### Work required
Could you copy each line of the listing below that has the word "CrtYd"?

### Input for this task
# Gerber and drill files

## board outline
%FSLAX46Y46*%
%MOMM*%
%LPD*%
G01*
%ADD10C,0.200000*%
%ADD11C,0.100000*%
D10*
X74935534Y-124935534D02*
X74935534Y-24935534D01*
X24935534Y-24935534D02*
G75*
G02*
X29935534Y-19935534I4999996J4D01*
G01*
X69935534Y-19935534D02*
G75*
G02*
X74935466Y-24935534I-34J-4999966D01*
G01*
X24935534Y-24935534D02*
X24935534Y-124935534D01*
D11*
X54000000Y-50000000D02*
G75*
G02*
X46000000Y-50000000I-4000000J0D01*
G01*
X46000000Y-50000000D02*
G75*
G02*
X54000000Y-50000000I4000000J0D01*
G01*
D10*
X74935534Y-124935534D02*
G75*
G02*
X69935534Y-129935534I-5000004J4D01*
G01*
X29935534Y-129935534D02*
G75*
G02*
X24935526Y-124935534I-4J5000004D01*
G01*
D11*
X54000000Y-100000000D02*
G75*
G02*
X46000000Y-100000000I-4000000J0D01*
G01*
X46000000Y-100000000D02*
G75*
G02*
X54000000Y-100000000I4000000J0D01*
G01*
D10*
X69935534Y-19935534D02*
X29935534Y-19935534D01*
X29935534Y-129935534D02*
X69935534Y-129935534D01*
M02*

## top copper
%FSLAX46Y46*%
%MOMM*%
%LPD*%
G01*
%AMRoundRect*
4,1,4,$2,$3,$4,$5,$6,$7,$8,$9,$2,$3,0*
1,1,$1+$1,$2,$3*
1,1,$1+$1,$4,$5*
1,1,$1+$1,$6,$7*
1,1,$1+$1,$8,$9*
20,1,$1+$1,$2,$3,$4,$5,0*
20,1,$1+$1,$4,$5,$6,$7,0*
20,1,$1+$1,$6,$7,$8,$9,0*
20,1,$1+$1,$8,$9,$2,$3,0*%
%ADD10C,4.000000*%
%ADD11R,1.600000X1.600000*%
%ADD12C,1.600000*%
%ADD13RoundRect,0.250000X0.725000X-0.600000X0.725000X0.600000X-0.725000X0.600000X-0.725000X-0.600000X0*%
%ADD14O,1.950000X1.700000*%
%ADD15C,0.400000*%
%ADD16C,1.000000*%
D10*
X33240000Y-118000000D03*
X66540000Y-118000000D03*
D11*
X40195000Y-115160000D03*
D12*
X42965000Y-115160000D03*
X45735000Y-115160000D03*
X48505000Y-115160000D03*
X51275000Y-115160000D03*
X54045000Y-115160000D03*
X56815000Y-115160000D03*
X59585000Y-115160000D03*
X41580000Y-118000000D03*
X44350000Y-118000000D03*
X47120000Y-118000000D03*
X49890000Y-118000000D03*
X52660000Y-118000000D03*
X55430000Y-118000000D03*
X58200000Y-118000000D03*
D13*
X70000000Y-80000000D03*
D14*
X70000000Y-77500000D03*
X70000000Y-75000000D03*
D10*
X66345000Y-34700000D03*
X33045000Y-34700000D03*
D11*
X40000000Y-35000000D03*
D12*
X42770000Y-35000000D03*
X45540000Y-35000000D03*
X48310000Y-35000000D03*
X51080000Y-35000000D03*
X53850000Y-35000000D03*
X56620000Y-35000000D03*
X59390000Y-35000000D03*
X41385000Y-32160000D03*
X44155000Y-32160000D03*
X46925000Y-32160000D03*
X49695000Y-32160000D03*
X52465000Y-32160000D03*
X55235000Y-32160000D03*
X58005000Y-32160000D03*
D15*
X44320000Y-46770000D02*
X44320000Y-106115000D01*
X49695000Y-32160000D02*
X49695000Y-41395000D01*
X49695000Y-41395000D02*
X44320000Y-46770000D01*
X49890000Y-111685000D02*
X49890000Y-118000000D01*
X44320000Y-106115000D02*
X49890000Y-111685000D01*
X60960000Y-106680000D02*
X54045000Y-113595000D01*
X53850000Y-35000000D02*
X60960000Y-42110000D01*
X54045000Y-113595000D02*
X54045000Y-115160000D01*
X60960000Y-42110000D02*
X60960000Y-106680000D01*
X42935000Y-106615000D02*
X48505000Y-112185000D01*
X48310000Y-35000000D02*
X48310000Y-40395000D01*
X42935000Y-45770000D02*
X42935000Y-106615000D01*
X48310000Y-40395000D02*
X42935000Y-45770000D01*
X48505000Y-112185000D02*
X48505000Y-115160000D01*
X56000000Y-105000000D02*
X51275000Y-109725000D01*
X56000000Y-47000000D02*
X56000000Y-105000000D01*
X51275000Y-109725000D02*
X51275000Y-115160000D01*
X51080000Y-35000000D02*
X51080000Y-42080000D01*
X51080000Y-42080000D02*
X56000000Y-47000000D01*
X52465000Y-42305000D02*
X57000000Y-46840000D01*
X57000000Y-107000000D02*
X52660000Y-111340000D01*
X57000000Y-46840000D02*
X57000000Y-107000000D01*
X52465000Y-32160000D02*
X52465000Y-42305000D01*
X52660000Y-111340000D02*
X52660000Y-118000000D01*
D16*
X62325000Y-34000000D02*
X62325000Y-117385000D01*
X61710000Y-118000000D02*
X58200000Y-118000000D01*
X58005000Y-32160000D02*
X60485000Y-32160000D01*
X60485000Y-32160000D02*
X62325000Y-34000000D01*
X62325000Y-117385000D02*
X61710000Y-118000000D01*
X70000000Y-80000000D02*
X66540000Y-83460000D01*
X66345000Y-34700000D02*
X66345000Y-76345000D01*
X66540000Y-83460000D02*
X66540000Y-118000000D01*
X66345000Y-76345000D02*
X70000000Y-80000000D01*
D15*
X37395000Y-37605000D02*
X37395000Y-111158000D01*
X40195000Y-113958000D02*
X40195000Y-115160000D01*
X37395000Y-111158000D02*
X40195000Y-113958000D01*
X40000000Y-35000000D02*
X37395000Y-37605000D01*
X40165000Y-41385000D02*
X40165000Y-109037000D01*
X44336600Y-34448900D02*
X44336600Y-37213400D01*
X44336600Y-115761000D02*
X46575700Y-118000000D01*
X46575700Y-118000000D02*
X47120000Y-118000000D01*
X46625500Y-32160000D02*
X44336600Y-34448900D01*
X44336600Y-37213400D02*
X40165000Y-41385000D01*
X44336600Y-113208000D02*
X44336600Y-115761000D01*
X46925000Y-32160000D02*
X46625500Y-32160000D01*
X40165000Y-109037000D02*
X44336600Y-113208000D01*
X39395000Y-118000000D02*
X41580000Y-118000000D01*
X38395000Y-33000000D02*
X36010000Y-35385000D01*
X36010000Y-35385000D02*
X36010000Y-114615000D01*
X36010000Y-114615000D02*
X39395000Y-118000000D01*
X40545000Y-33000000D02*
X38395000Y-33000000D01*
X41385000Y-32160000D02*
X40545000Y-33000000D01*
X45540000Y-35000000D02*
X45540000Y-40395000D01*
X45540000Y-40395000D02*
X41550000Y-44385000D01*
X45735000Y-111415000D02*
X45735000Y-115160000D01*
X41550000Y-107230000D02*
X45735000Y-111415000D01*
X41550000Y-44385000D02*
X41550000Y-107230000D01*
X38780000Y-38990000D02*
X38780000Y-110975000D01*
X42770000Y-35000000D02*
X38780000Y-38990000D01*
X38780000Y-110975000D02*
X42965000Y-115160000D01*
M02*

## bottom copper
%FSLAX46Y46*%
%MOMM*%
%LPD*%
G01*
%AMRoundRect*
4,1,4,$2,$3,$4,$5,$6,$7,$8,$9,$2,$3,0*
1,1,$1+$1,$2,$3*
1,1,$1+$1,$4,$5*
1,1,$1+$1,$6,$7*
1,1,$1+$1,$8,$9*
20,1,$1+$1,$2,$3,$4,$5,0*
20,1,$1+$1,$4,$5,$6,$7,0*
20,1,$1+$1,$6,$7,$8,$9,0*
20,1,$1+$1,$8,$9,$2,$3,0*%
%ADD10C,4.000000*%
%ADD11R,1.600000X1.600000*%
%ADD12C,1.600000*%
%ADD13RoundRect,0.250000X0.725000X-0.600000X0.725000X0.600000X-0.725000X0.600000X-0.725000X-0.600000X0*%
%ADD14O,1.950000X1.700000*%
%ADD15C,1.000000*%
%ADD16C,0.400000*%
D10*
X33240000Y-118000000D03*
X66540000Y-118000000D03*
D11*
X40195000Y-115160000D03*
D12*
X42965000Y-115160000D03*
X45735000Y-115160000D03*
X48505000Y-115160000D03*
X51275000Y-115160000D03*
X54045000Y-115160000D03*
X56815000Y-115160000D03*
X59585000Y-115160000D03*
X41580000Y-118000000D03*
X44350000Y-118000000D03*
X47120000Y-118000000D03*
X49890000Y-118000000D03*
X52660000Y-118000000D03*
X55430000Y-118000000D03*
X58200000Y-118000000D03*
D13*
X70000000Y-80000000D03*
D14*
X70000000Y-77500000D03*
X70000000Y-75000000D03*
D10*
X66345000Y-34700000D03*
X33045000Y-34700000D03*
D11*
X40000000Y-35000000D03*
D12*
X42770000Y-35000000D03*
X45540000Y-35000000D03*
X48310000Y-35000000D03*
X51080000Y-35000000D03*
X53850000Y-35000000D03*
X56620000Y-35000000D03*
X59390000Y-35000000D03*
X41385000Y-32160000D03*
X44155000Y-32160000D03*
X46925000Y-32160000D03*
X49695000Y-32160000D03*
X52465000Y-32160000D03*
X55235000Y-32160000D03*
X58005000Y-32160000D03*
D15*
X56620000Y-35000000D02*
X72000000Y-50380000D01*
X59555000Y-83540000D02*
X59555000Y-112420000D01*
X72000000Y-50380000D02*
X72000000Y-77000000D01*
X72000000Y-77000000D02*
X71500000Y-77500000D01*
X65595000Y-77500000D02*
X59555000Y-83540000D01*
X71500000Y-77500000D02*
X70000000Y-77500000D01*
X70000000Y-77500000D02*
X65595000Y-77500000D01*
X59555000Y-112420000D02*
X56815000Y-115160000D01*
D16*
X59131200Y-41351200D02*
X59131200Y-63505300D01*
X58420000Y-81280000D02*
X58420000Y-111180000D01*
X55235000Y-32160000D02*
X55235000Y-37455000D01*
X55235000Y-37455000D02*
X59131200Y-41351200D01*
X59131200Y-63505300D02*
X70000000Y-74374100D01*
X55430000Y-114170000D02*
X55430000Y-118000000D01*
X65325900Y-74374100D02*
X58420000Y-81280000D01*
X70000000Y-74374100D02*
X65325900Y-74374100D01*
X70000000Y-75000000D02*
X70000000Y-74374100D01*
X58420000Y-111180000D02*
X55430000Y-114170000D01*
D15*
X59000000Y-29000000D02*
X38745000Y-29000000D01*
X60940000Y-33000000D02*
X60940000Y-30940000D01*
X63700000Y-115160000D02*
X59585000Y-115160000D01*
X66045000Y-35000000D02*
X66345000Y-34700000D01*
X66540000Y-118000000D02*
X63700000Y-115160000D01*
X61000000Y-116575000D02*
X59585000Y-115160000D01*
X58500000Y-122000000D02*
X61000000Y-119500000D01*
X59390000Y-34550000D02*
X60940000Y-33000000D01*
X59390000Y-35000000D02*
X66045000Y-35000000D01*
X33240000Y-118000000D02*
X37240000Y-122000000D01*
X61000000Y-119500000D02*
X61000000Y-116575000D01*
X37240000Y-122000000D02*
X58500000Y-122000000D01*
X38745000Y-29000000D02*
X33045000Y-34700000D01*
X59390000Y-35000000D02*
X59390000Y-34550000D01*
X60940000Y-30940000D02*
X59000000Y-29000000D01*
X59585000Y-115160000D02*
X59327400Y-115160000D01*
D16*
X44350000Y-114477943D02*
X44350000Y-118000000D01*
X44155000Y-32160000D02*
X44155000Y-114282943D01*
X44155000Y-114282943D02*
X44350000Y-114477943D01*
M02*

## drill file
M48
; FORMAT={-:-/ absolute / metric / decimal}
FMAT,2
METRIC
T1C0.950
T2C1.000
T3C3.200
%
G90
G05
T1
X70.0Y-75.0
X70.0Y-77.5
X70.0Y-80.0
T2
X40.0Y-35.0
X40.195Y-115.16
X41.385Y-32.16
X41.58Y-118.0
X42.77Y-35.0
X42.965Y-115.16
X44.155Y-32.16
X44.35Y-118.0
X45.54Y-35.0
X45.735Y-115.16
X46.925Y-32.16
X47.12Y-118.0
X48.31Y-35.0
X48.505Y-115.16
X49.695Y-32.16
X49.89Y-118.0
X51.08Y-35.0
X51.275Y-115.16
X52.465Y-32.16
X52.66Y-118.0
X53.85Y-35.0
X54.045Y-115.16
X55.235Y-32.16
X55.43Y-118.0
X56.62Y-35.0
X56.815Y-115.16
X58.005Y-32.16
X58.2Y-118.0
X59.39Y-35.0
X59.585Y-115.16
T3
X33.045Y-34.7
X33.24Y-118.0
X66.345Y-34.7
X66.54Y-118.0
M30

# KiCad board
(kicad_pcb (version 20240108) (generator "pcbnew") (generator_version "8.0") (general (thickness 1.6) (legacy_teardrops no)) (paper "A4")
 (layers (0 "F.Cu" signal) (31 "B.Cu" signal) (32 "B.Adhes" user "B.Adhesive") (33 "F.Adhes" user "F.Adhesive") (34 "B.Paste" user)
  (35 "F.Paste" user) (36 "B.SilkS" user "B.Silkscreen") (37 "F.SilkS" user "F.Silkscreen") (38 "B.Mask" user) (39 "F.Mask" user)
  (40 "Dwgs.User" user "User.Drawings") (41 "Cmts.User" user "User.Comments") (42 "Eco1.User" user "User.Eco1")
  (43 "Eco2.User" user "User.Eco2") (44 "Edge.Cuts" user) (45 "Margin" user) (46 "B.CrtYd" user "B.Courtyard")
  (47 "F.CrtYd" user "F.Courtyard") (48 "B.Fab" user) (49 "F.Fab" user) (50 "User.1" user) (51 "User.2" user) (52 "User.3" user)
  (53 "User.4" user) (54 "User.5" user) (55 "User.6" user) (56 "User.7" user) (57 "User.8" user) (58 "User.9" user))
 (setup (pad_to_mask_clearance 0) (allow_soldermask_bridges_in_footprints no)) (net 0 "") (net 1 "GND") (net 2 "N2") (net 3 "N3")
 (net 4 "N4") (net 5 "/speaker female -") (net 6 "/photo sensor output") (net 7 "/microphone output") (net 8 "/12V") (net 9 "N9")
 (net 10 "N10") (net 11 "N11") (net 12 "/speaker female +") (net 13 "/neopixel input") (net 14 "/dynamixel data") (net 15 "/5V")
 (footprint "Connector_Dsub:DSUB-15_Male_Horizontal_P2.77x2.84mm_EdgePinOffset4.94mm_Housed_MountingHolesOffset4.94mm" (layer "F.Cu")
  (at 40.195 115.16)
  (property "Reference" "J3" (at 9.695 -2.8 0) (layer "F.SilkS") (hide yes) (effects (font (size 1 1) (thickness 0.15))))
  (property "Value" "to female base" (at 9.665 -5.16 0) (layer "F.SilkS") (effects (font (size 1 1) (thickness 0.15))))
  (pad "0" thru_hole circle (at -6.955 2.84) (size 4 4) (drill 3.2) (layers "*.Cu" "*.Mask") (remove_unused_layers no) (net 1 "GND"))
  (pad "0" thru_hole circle (at 26.345 2.84) (size 4 4) (drill 3.2) (layers "*.Cu" "*.Mask") (remove_unused_layers no) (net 1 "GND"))
  (pad "1" thru_hole rect (at 0 0) (size 1.6 1.6) (drill 1) (layers "*.Cu" "*.Mask") (remove_unused_layers no) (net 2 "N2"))
  (pad "2" thru_hole circle (at 2.77 0) (size 1.6 1.6) (drill 1) (layers "*.Cu" "*.Mask") (remove_unused_layers no) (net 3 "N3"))
  (pad "3" thru_hole circle (at 5.54 0) (size 1.6 1.6) (drill 1) (layers "*.Cu" "*.Mask") (remove_unused_layers no) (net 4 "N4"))
  (pad "4" thru_hole circle (at 8.31 0) (size 1.6 1.6) (drill 1) (layers "*.Cu" "*.Mask") (remove_unused_layers no)
   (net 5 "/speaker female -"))
  (pad "5" thru_hole circle (at 11.08 0) (size 1.6 1.6) (drill 1) (layers "*.Cu" "*.Mask") (remove_unused_layers no)
   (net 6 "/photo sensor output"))
  (pad "6" thru_hole circle (at 13.85 0) (size 1.6 1.6) (drill 1) (layers "*.Cu" "*.Mask") (remove_unused_layers no)
   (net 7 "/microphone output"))
  (pad "7" thru_hole circle (at 16.62 0) (size 1.6 1.6) (drill 1) (layers "*.Cu" "*.Mask") (remove_unused_layers no) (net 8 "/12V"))
  (pad "8" thru_hole circle (at 19.39 0) (size 1.6 1.6) (drill 1) (layers "*.Cu" "*.Mask") (remove_unused_layers no) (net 1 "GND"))
  (pad "9" thru_hole circle (at 1.385 2.84) (size 1.6 1.6) (drill 1) (layers "*.Cu" "*.Mask") (remove_unused_layers no) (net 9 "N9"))
  (pad "10" thru_hole circle (at 4.155 2.84) (size 1.6 1.6) (drill 1) (layers "*.Cu" "*.Mask") (remove_unused_layers no) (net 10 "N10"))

### Expected output
  (43 "Eco2.User" user "User.Eco2") (44 "Edge.Cuts" user) (45 "Margin" user) (46 "B.CrtYd" user "B.Courtyard")
  (47 "F.CrtYd" user "F.Courtyard") (48 "B.Fab" user) (49 "F.Fab" user) (50 "User.1" user) (51 "User.2" user) (52 "User.3" user)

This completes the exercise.